Una brillante alumna, según afirman sus maestras. Ella recuerda a todas y las nombra ordenadas por años y cursos: Graciela –la primera (¿quién no se acuerda de la maestra de primero?)–, Teresa, Altair –“la más exigente–, Mahijito, Marita, Estela y Doris.
Una época en la que no era fácil encarar estudios superiores. Sus padres, pequeños productores rurales, tuvieron la clarividencia de seguir aquel precepto de que “no hay mejor herencia que una carrera” e hicieron seguramente un gran esfuerzo para enfrentar los gastos en la capital y lograr el objetivo.
El 23 de diciembre, Clarita dejó la obra de un artista plástico uruguayo pero se llevó de la reunión el reconocimiento de la comunidad escolar a través de trabajos que los niños entregaron con representaciones de la naturaleza y de su creatividad, y junto a ellos el cariño de todos los habitantes del lugar y el recuerdo imperecedero de tan emotivo reencuentro. También se llevó el acta de Comisión Fomento donde los padres deciden agradecerle tan noble gesto. Así queda sellado un trato de ida y vuelta mediante la expresión de apoyo de uno de los grupos honorarios que trabaja incansablemente por la escuela pública.
Clara Niz Larrosa es un ejemplo de superación de barreras geográficas y de género, de compromiso profesional y social, de reconocimiento y de gratitud hacia la enseñanza pública.

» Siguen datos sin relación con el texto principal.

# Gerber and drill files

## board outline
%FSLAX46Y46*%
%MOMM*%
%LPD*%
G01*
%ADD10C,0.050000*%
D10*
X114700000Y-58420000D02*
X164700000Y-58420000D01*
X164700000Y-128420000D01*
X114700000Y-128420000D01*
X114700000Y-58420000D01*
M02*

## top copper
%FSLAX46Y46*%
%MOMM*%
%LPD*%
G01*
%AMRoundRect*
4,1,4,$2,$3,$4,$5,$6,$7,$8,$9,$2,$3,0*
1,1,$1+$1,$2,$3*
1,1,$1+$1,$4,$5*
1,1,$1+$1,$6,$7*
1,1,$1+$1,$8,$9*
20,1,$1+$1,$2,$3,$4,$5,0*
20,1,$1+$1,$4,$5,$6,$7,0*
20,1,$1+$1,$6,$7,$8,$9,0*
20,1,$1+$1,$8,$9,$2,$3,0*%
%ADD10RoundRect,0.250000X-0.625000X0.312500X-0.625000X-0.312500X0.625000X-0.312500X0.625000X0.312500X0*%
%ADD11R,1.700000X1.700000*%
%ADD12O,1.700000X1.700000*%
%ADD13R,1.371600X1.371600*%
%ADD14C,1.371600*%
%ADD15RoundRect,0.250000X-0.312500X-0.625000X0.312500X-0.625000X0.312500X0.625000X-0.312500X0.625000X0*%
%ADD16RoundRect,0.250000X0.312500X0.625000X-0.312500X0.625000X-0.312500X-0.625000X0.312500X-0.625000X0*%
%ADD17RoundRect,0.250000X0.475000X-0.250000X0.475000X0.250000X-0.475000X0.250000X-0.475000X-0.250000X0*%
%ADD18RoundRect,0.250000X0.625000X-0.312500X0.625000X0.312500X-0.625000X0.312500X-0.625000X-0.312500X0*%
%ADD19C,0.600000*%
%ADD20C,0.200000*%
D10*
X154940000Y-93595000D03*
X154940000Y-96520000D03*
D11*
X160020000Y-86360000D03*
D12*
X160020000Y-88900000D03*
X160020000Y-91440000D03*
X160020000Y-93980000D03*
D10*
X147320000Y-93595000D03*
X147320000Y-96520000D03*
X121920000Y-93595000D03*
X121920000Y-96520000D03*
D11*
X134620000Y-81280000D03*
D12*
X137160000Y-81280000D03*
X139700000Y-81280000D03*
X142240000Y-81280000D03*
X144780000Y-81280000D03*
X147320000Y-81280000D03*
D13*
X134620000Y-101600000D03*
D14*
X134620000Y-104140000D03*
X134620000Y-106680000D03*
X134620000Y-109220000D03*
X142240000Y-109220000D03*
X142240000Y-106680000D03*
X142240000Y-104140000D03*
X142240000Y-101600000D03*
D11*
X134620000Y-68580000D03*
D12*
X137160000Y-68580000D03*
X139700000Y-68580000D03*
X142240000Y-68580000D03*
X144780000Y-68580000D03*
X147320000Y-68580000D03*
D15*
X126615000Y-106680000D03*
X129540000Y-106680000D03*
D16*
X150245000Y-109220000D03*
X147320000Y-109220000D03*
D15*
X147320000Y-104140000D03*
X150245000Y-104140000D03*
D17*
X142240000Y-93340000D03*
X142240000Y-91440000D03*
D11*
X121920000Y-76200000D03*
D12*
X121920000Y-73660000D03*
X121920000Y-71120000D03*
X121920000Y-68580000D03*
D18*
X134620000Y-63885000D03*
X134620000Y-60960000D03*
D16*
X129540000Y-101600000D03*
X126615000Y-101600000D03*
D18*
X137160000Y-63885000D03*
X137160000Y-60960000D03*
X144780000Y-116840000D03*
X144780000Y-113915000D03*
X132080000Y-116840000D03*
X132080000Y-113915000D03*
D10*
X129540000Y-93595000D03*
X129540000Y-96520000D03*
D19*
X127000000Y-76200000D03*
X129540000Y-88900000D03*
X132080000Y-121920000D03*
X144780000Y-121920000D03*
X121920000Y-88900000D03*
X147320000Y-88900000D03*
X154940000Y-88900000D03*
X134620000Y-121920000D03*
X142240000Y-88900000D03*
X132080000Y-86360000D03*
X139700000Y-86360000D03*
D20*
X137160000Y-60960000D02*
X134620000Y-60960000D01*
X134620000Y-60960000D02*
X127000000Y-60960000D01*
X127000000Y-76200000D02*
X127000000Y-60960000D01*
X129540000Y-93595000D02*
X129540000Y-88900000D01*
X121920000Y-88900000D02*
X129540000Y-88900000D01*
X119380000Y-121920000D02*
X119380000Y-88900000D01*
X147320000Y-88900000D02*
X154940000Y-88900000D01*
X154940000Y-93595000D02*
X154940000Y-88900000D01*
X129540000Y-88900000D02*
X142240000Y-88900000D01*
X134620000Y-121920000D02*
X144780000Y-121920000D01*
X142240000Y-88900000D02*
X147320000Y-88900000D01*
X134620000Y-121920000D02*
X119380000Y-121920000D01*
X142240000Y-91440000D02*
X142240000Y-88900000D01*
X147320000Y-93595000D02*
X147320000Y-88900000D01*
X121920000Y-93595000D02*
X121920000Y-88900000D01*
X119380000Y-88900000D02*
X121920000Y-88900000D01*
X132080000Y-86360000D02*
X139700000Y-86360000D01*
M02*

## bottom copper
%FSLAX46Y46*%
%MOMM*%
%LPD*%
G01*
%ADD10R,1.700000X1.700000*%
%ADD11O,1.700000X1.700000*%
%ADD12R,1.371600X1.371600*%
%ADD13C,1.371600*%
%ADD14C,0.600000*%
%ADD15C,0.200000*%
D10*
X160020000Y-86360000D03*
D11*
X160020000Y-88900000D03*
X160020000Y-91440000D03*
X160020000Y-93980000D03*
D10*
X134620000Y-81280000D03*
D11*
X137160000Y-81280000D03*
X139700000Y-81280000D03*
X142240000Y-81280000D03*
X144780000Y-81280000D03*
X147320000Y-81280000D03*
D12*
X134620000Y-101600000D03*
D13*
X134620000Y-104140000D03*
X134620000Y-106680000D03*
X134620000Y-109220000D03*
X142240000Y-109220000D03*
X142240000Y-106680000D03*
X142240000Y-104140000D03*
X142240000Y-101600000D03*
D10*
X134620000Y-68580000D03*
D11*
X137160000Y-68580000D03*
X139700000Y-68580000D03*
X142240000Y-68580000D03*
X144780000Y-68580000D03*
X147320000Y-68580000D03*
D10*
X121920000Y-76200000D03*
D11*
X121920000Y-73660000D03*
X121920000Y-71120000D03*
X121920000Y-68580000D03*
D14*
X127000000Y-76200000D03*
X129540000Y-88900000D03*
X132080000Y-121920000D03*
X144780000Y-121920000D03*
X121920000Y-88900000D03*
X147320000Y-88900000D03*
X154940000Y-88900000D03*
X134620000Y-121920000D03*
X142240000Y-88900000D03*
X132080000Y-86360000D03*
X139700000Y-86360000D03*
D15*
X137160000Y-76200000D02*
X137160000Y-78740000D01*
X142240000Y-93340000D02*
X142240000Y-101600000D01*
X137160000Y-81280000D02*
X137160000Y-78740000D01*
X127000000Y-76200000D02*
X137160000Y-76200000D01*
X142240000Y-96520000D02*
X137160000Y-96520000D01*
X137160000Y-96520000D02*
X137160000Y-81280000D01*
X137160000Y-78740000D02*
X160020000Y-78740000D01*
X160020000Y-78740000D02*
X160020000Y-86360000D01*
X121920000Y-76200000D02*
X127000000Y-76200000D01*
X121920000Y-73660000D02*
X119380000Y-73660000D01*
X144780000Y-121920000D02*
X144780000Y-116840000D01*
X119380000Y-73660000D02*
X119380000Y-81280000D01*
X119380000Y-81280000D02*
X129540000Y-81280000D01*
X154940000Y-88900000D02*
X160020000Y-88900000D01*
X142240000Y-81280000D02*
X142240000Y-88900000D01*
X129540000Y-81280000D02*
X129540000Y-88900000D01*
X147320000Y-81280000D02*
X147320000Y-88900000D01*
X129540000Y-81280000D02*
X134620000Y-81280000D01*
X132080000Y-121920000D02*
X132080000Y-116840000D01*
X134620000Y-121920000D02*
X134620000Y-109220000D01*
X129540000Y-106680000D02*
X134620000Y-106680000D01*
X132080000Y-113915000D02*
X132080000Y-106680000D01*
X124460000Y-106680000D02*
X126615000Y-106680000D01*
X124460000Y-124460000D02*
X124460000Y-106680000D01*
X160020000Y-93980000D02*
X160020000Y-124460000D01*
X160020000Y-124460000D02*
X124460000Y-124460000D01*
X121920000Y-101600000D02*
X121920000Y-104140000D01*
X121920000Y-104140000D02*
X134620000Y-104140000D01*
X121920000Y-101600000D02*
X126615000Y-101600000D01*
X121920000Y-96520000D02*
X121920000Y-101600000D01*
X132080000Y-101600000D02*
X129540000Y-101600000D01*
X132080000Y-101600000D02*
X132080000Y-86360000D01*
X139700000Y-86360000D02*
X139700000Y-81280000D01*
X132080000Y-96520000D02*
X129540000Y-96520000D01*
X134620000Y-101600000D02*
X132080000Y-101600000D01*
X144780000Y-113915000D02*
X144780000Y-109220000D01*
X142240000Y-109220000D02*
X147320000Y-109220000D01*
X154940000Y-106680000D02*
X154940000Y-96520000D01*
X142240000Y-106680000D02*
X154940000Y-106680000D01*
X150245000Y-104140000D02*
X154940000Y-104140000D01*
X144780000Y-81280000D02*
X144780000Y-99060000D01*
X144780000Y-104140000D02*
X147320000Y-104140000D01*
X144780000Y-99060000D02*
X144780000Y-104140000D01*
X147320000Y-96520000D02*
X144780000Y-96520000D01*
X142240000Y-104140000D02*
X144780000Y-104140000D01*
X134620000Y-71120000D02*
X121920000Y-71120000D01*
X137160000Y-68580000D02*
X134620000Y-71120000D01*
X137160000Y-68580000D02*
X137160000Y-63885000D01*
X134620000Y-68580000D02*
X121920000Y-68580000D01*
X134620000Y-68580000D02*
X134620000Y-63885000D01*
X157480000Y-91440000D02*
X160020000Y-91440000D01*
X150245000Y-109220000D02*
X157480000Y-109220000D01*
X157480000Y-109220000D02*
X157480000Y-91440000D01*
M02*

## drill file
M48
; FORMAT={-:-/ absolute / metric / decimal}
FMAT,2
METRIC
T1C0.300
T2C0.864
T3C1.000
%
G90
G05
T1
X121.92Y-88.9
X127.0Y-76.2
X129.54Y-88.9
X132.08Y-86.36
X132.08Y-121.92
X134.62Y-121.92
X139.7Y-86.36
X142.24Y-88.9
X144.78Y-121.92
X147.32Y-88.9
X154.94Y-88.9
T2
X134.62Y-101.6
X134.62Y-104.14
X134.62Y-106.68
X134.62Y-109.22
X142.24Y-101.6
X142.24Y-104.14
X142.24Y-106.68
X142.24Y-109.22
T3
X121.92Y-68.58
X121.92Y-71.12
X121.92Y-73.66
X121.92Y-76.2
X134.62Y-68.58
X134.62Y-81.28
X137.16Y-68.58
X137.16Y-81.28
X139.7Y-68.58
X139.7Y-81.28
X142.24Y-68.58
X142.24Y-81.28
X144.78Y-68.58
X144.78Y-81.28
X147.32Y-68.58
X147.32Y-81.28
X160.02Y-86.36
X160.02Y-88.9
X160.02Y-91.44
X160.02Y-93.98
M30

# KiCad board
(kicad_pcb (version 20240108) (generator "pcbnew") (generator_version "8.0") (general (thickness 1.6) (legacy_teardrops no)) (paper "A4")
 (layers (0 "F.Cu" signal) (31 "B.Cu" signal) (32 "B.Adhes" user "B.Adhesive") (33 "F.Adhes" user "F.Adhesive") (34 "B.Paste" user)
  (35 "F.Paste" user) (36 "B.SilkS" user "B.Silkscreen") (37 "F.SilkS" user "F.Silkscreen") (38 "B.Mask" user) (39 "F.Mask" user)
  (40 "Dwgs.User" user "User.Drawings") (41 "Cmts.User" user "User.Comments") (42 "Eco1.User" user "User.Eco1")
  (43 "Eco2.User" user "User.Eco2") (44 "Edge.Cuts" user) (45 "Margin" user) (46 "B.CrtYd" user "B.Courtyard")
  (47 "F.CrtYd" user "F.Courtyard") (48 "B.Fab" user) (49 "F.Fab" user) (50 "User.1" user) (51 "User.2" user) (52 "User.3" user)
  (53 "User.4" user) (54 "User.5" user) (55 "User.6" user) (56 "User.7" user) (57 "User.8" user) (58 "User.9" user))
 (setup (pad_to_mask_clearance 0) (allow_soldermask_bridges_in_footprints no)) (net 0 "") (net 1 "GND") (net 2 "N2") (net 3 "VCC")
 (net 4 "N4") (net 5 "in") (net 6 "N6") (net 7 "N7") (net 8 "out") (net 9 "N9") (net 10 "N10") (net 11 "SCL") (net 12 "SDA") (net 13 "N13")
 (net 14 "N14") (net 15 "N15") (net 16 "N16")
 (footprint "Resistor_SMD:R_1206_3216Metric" (layer "F.Cu") (at 154.94 95.0575 -90)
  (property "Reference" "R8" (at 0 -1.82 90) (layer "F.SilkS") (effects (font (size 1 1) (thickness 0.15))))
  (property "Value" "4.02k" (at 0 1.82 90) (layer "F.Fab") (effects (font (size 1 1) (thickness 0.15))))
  (pad "1" smd roundrect (at -1.4625 0 270) (size 1.125 1.75) (layers "F.Cu" "F.Paste" "F.Mask") (roundrect_rratio 0.222222) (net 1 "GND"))
  (pad "2" smd roundrect (at 1.4625 0 270) (size 1.125 1.75) (layers "F.Cu" "F.Paste" "F.Mask") (roundrect_rratio 0.222222) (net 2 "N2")))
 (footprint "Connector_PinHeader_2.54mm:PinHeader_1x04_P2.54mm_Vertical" (layer "F.Cu") (at 160.02 86.36)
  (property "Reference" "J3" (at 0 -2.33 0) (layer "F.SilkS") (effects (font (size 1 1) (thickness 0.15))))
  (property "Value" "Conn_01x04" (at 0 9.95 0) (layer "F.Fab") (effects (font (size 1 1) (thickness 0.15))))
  (pad "1" thru_hole rect (at 0 0) (size 1.7 1.7) (drill 1) (layers "*.Cu" "*.Mask") (remove_unused_layers no) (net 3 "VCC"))
  (pad "2" thru_hole oval (at 0 2.54) (size 1.7 1.7) (drill 1) (layers "*.Cu" "*.Mask") (remove_unused_layers no) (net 1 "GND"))
  (pad "3" thru_hole oval (at 0 5.08) (size 1.7 1.7) (drill 1) (layers "*.Cu" "*.Mask") (remove_unused_layers no) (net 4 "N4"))
  (pad "4" thru_hole oval (at 0 7.62) (size 1.7 1.7) (drill 1) (layers "*.Cu" "*.Mask") (remove_unused_layers no) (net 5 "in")))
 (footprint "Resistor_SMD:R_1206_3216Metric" (layer "F.Cu") (at 147.32 95.0575 -90)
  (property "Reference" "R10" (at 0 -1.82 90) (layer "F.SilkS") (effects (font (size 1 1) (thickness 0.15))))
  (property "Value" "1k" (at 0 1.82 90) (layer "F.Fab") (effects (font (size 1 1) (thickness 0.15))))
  (pad "1" smd roundrect (at -1.4625 0 270) (size 1.125 1.75) (layers "F.Cu" "F.Paste" "F.Mask") (roundrect_rratio 0.222222) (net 1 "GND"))
  (pad "2" smd roundrect (at 1.4625 0 270) (size 1.125 1.75) (layers "F.Cu" "F.Paste" "F.Mask") (roundrect_rratio 0.222222) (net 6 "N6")))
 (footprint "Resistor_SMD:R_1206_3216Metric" (layer "F.Cu") (at 121.92 95.0575 -90)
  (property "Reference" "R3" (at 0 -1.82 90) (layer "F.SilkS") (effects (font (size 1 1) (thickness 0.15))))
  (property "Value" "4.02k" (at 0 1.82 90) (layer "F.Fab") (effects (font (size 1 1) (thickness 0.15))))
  (pad "1" smd roundrect (at -1.4625 0 270) (size 1.125 1.75) (layers "F.Cu" "F.Paste" "F.Mask") (roundrect_rratio 0.222222) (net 1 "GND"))
  (pad "2" smd roundrect (at 1.4625 0 270) (size 1.125 1.75) (layers "F.Cu" "F.Paste" "F.Mask") (roundrect_rratio 0.222222) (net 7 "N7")))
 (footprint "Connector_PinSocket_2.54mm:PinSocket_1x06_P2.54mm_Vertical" (layer "F.Cu") (at 134.62 81.28 90)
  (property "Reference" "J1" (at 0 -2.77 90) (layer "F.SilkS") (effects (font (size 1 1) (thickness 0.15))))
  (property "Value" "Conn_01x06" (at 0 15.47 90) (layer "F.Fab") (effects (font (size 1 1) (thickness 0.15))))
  (pad "1" thru_hole rect (at 0 0 90) (size 1.7 1.7) (drill 1) (layers "*.Cu" "*.Mask") (remove_unused_layers no) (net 1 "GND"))
  (pad "2" thru_hole oval (at 0 2.54 90) (size 1.7 1.7) (drill 1) (layers "*.Cu" "*.Mask") (remove_unused_layers no) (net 3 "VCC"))
  (pad "3" thru_hole oval (at 0 5.08 90) (size 1.7 1.7) (drill 1) (layers "*.Cu" "*.Mask") (remove_unused_layers no) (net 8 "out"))
  (pad "4" thru_hole oval (at 0 7.62 90) (size 1.7 1.7) (drill 1) (layers "*.Cu" "*.Mask") (remove_unused_layers no) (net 1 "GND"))
  (pad "5" thru_hole oval (at 0 10.16 90) (size 1.7 1.7) (drill 1) (layers "*.Cu" "*.Mask") (remove_unused_layers no) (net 6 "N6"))
  (pad "6" thru_hole oval (at 0 12.7 90) (size 1.7 1.7) (drill 1) (layers "*.Cu" "*.Mask") (remove_unused_layers no) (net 1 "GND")))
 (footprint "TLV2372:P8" (layer "F.Cu") (at 142.24 109.22)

Con certeza, en algún lugar destacado de la escuela 61 de Rincón lucirá esa obra que a partir de hoy será de los niños y de la escuela, y además engalanará el patio, entre los viejos árboles, un zucará que acaba de sembrar con los niños y los presentes.
Hermes Toledo, otrora alumno, vecino y maestro director de esa escuela en 1976 participó junto a su esposa, María Elia Martínez, en ese ejemplar acto, seguramente recordado por todos los vecinos de Pueblo Rincón.
Seguramente el destino le depare otras misiones por la salud y por la educación, y Clarita estará a la altura de las circunstancias.
Hermes Toledo es maestro. En 1977 debió abandonar la docencia. Fue diputado nacional por el Frente Amplio por 11 años, electo por Treinta y Tres. El autor agradece la colaboración de Martín Buxedas para este artículo.